There are generations of pride, tradition, and spirit in the Crimson Tide, and when they take the field, you can feel it rising up with the roar of the crowd. For just a moment, there's the ghost of a man with a checkered cap standing next to the goal post. I can still hear his rough, gravelly voice talking about each player as he names them, their parents, their home town, and what he had for dinner when he went to recruit them. Because that's the kind of man he was.

I'm sure he had faults. He was no saint. He drank, he cussed, he had some racist attitudes common for his day and age. No one's nominating him for sainthood, although it does seem that football in Alabama is more religion than sport. But there's a melancholy sweetness at remembering the man and his times and what he brought to our state and our team.

Coach Bear Bryant was one of the few men my father ever respected. He was quite vocal about men he of whom he did not approve: F.D. Roosevelt, Dr. Martin Luther King, Jr. (that's another post) and whoever coached for Auburn topping the list. But when he spoke of Bear Bryant, he lowered his voice, removed his hat and placed it over his heart, and bowed his head reverently.

"You see that, Scooter," he'd point at the TV screen, "Bear's putting his second team in. He ain't gonna run up the score on his opponents. That shows respect!"

And sure enough, as soon as Alabama had a two or three touchdown lead he'd put in his skinny, uncertain, deer-in-the-headlights-can't-believe-I'm-playing-for-the Bear freshmen and sophomores and let them get some field experience. Sometimes they'd score a few points, sometimes they'd let the other team score, but Bear did not believe in running away with a football game.

My dad lived to watch Bear Bryant coach each year.
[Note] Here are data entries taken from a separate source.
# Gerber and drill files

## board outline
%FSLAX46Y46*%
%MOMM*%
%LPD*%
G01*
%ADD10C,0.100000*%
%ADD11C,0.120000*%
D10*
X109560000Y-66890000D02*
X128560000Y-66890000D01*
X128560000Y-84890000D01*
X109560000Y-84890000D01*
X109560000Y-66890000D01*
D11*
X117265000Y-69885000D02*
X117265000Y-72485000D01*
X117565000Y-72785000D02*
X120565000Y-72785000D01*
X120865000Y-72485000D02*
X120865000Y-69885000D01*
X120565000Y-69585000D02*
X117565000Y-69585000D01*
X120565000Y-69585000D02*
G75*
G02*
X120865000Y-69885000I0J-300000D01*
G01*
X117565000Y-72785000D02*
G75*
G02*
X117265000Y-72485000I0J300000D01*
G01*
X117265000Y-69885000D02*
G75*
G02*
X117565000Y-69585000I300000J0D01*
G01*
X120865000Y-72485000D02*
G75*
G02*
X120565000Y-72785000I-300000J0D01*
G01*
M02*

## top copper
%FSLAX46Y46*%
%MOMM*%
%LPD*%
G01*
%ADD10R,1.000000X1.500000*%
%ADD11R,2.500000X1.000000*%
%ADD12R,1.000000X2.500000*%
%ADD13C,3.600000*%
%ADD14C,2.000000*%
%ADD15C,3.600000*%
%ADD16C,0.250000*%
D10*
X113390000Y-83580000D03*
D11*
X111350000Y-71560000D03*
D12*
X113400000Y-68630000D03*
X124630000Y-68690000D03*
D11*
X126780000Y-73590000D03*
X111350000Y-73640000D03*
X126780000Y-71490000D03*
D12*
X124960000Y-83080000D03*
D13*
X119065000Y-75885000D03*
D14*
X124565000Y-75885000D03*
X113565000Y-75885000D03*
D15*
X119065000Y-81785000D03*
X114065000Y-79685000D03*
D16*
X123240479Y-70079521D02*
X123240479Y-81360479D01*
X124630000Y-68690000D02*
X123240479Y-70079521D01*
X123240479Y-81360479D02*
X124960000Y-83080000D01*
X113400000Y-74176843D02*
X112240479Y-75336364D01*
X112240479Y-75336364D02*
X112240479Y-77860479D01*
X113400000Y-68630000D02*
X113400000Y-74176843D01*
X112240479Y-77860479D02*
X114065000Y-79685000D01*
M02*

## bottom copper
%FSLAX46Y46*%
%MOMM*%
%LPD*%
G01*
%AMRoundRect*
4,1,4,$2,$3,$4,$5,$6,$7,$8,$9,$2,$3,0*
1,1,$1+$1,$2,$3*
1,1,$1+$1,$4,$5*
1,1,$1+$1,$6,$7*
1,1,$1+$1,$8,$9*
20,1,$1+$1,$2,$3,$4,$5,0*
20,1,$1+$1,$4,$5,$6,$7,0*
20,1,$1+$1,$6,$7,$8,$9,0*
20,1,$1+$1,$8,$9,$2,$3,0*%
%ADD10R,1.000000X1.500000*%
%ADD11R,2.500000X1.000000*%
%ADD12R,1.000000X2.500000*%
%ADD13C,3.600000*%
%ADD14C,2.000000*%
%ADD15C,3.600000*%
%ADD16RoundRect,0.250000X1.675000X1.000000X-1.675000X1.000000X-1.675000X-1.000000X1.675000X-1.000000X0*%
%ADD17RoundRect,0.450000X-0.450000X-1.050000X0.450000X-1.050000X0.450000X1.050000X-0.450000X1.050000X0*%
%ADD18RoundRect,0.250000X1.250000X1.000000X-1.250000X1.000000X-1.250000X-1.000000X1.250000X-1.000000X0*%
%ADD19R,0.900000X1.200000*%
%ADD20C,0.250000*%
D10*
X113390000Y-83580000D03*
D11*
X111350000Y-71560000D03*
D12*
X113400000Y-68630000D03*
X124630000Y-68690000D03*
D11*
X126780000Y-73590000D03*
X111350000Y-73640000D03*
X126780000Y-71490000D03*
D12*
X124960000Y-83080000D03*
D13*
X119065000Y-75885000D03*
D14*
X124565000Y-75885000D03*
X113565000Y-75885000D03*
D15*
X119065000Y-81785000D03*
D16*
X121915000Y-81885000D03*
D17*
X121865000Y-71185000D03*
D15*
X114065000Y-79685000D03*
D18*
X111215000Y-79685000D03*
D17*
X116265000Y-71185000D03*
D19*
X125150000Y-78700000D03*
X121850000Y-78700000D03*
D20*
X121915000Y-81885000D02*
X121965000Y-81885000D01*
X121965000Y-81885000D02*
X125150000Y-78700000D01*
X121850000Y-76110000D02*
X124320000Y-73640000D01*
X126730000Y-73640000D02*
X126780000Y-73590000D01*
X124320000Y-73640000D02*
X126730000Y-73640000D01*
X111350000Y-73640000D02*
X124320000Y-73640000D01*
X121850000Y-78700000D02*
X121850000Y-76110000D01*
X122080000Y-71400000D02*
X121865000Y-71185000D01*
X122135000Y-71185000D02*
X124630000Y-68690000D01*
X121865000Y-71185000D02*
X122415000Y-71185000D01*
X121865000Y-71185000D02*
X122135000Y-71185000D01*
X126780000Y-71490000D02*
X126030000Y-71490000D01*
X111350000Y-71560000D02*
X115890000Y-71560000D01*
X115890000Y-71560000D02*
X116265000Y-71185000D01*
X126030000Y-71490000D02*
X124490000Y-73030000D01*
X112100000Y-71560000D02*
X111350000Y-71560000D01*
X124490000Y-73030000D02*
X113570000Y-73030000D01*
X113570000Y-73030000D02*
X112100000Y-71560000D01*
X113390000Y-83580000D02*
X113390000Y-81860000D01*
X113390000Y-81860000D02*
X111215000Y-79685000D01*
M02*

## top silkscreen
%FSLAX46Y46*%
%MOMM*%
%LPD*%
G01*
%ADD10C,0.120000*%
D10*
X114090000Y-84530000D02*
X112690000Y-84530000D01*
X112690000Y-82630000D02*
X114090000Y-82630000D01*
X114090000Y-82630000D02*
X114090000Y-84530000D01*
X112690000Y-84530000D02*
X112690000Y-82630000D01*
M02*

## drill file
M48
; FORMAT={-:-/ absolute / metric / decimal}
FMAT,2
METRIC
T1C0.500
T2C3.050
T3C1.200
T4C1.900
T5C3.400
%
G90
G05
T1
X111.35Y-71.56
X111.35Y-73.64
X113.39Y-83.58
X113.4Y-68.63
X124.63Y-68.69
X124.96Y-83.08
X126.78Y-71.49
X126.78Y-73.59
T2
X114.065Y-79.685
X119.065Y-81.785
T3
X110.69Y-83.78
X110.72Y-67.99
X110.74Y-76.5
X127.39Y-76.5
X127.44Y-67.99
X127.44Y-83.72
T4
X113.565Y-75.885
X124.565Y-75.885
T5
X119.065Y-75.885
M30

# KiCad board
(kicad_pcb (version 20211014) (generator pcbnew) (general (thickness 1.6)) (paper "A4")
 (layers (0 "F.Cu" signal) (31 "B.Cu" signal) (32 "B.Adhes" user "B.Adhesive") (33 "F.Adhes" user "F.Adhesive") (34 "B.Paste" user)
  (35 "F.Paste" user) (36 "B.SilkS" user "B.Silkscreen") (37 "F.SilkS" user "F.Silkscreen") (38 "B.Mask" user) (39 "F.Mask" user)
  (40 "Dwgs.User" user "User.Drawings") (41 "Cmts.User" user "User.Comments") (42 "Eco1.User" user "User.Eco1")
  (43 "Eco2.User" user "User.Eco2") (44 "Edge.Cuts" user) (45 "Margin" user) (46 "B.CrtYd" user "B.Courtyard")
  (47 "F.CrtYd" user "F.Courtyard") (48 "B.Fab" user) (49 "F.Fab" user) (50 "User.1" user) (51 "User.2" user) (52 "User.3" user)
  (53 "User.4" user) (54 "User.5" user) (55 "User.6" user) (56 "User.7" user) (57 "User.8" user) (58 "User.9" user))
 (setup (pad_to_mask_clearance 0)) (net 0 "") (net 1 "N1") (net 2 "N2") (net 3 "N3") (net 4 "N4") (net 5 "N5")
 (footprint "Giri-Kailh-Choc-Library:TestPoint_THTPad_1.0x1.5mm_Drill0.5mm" (layer "F.Cu") (at 113.39 83.58 -90)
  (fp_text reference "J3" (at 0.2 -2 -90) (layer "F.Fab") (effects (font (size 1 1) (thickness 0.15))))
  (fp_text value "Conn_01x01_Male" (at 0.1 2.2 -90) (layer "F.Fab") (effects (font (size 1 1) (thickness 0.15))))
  (fp_line (start 0.95 -0.7) (end 0.95 0.7) (layer "F.SilkS") (width 0.12))
  (fp_line (start -0.95 0.7) (end -0.95 -0.7) (layer "F.SilkS") (width 0.12))
  (fp_line (start -0.95 -0.7) (end 0.95 -0.7) (layer "F.SilkS") (width 0.12))
  (fp_line (start 0.95 0.7) (end -0.95 0.7) (layer "F.SilkS") (width 0.12))
  (pad "1" thru_hole rect (at 0 0 270) (size 1.5 1) (drill 0.5) (layers *.Cu *.Mask) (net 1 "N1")))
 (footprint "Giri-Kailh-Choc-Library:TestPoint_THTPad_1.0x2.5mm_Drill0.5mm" (layer "F.Cu") (at 111.35 71.56)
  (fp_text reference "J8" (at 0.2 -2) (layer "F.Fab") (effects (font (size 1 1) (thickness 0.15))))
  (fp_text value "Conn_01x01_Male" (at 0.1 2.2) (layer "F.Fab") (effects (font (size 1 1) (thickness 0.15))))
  (pad "1" thru_hole rect (at 0 0) (size 2.5 1) (drill 0.5) (layers *.Cu *.Mask) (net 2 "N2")))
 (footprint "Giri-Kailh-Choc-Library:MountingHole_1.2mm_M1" (layer "F.Cu") (at 110.69 83.78)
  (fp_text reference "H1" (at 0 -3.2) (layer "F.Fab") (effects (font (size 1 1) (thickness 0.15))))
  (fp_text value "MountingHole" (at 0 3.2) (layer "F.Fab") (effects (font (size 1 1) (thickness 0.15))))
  (pad "" np_thru_hole circle (at 0 0) (size 1.2 1.2) (drill 1.2) (layers F&B.Cu *.Mask)))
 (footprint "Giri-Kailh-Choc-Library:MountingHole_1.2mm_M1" (layer "F.Cu") (at 127.39 76.5)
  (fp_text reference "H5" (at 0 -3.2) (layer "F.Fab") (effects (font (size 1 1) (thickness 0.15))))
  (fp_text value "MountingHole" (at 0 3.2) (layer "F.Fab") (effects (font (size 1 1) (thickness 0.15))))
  (pad "" np_thru_hole circle (at 0 0) (size 1.2 1.2) (drill 1.2) (layers F&B.Cu *.Mask)))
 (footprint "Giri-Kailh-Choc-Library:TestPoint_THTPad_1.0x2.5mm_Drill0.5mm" (layer "F.Cu") (at 113.4 68.63 90)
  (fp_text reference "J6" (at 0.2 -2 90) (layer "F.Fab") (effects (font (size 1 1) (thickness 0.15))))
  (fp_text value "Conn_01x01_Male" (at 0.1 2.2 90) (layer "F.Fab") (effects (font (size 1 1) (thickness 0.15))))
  (pad "1" thru_hole rect (at 0 0 90) (size 2.5 1) (drill 0.5) (layers *.Cu *.Mask) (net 1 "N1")))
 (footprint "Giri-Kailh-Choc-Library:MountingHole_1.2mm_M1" (layer "F.Cu") (at 127.44 83.72)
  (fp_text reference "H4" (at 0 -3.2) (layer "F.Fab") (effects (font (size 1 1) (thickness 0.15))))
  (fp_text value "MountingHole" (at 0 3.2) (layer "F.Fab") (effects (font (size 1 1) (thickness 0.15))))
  (pad "" np_thru_hole circle (at 0 0) (size 1.2 1.2) (drill 1.2) (layers F&B.Cu *.Mask)))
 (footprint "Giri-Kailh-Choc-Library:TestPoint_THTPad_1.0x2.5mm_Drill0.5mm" (layer "F.Cu") (at 124.63 68.69 90)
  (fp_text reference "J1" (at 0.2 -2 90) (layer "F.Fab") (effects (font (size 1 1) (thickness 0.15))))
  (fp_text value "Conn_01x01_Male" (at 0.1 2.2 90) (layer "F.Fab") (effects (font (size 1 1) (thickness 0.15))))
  (pad "1" thru_hole rect (at 0 0 90) (size 2.5 1) (drill 0.5) (layers *.Cu *.Mask) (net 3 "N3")))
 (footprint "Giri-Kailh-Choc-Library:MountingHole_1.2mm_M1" (layer "F.Cu") (at 127.44 67.99)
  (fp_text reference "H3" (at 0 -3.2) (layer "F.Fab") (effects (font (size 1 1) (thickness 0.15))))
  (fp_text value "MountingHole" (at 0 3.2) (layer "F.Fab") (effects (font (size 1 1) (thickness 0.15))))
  (pad "" np_thru_hole circle (at 0 0) (size 1.2 1.2) (drill 1.2) (layers F&B.Cu *.Mask)))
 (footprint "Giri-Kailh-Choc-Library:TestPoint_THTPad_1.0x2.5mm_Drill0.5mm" (layer "F.Cu") (at 126.78 73.59)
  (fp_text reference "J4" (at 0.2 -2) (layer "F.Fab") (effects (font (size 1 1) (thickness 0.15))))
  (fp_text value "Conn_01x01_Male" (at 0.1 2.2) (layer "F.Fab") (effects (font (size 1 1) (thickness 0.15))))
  (pad "1" thru_hole rect (at 0 0) (size 2.5 1) (drill 0.5) (layers *.Cu *.Mask) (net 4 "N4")))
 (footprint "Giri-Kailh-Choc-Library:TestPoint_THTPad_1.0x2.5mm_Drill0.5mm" (layer "F.Cu") (at 111.35 73.64)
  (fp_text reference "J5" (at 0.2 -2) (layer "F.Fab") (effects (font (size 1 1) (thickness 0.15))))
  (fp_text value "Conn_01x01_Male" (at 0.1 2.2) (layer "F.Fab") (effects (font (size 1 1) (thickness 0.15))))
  (pad "1" thru_hole rect (at 0 0) (size 2.5 1) (drill 0.5) (layers *.Cu *.Mask) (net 4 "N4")))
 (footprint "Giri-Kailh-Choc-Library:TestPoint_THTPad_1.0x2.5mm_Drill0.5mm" (layer "F.Cu") (at 126.78 71.49)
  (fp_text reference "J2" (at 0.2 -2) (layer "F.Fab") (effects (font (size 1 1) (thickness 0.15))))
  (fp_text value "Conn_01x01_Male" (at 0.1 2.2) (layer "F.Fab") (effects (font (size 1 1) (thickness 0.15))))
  (pad "1" thru_hole rect (at 0 0) (size 2.5 1) (drill 0.5) (layers *.Cu *.Mask) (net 2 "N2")))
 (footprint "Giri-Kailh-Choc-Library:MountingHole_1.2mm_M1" (layer "F.Cu") (at 110.74 76.5)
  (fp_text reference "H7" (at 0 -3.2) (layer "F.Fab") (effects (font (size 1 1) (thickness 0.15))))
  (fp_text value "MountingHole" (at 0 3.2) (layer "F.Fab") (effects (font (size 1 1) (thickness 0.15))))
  (pad "" np_thru_hole circle (at 0 0) (size 1.2 1.2) (drill 1.2) (layers F&B.Cu *.Mask)))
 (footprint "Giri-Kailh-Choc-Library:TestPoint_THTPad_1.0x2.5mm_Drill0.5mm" (layer "F.Cu") (at 124.96 83.08 90)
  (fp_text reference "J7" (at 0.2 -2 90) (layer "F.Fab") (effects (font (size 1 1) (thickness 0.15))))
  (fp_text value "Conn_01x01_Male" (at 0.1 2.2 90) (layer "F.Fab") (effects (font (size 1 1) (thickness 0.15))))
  (pad "1" thru_hole rect (at 0 0 90) (size 2.5 1) (drill 0.5) (layers *.Cu *.Mask) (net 3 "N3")))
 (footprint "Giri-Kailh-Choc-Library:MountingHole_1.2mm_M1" (layer "F.Cu") (at 110.72 67.99)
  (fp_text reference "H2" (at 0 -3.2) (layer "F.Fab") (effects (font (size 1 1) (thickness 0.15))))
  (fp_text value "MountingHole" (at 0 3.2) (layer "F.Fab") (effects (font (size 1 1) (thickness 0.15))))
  (pad "" np_thru_hole circle (at 0 0) (size 1.2 1.2) (drill 1.2) (layers F&B.Cu *.Mask)))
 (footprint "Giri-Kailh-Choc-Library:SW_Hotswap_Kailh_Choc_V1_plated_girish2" (layer "F.Cu") (at 119.065 75.885)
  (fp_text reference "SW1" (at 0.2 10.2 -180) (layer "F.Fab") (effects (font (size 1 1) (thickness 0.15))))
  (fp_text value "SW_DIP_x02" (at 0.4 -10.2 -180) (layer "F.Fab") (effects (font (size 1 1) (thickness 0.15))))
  (fp_line (start -1.8 -6) (end -1.8 -3.4) (layer "Edge.Cuts") (width 0.12))
  (fp_line (start -1.5 -3.1) (end 1.5 -3.1) (layer "Edge.Cuts") (width 0.12))
  (fp_line (start 1.8 -3.4) (end 1.8 -6) (layer "Edge.Cuts") (width 0.12))
  (fp_line (start 1.5 -6.3) (end -1.5 -6.3) (layer "Edge.Cuts") (width 0.12))
  (fp_arc (start 1.5 -6.3) (mid 1.712132 -6.212132) (end 1.8 -6) (layer "Edge.Cuts") (width 0.12))
  (fp_arc (start -1.5 -3.1) (mid -1.712132 -3.187868) (end -1.8 -3.4) (layer "Edge.Cuts") (width 0.12))
  (fp_arc (start -1.8 -6) (mid -1.712132 -6.212132) (end -1.5 -6.3) (layer "Edge.Cuts") (width 0.12))
  (fp_arc (start 1.8 -3.4) (mid 1.712132 -3.187868) (end 1.5 -3.1) (layer "Edge.Cuts") (width 0.12))
  (pad "" np_thru_hole circle (at 0 0 180) (size 3.6 3.6) (drill 3.4) (layers F&B.Cu *.Mask))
And I still remember where I was and what I was doing on the day Bear Bryant died. I was a junior in high school, and my mom had just picked me up from school. We were riding down the hill past the Oxford High School athletic building (in Oxford, Alabama) when the radio announcer came on and said that Bear Bryant had passed away earlier that day.

"That's not true!" I cried out.

But my mother assured me it was. Bear was gone, and with him, a generation of football greats. Later that evening we drove to my grandmother's house. I sat on her sofa late into the night and watched the television coverage. All across the state the death of this man was reported and covered the way the death of a president would be by the nation. Flags flew at half-mast. Grown men cried. And late in the night, as i lay in the dark, I mourned my childhood passing.

Later that same year I moved to Tennessee, and for the first time for as long as I could remember, Tennessee beat Alabama on the third Saturday in October. It was fitting, I thought, that I leave my home state once its greatest legend was gone. It was also fitting, I thought, that nothing seemed right to me since.

My father passed away in December of '05. He lived 79 years, the majority of them happy ones. He waited until after football season to go, and even though it wasn't a stellar one, I know he enjoyed it.Somewhere up there, I hope he and Bear Bryant are talking over past games and having the time of their afterlives.

And so Da Bears will play the Colts next Sunday, and I'll be hoping that a Mississippi boy who played for the Vols will make mincemeat of the Yankee infidels while my husband embraces his SuperFan roots. Because if there is one thing Alabama football taught me, its that the War was never really over. And the South will Rise Again.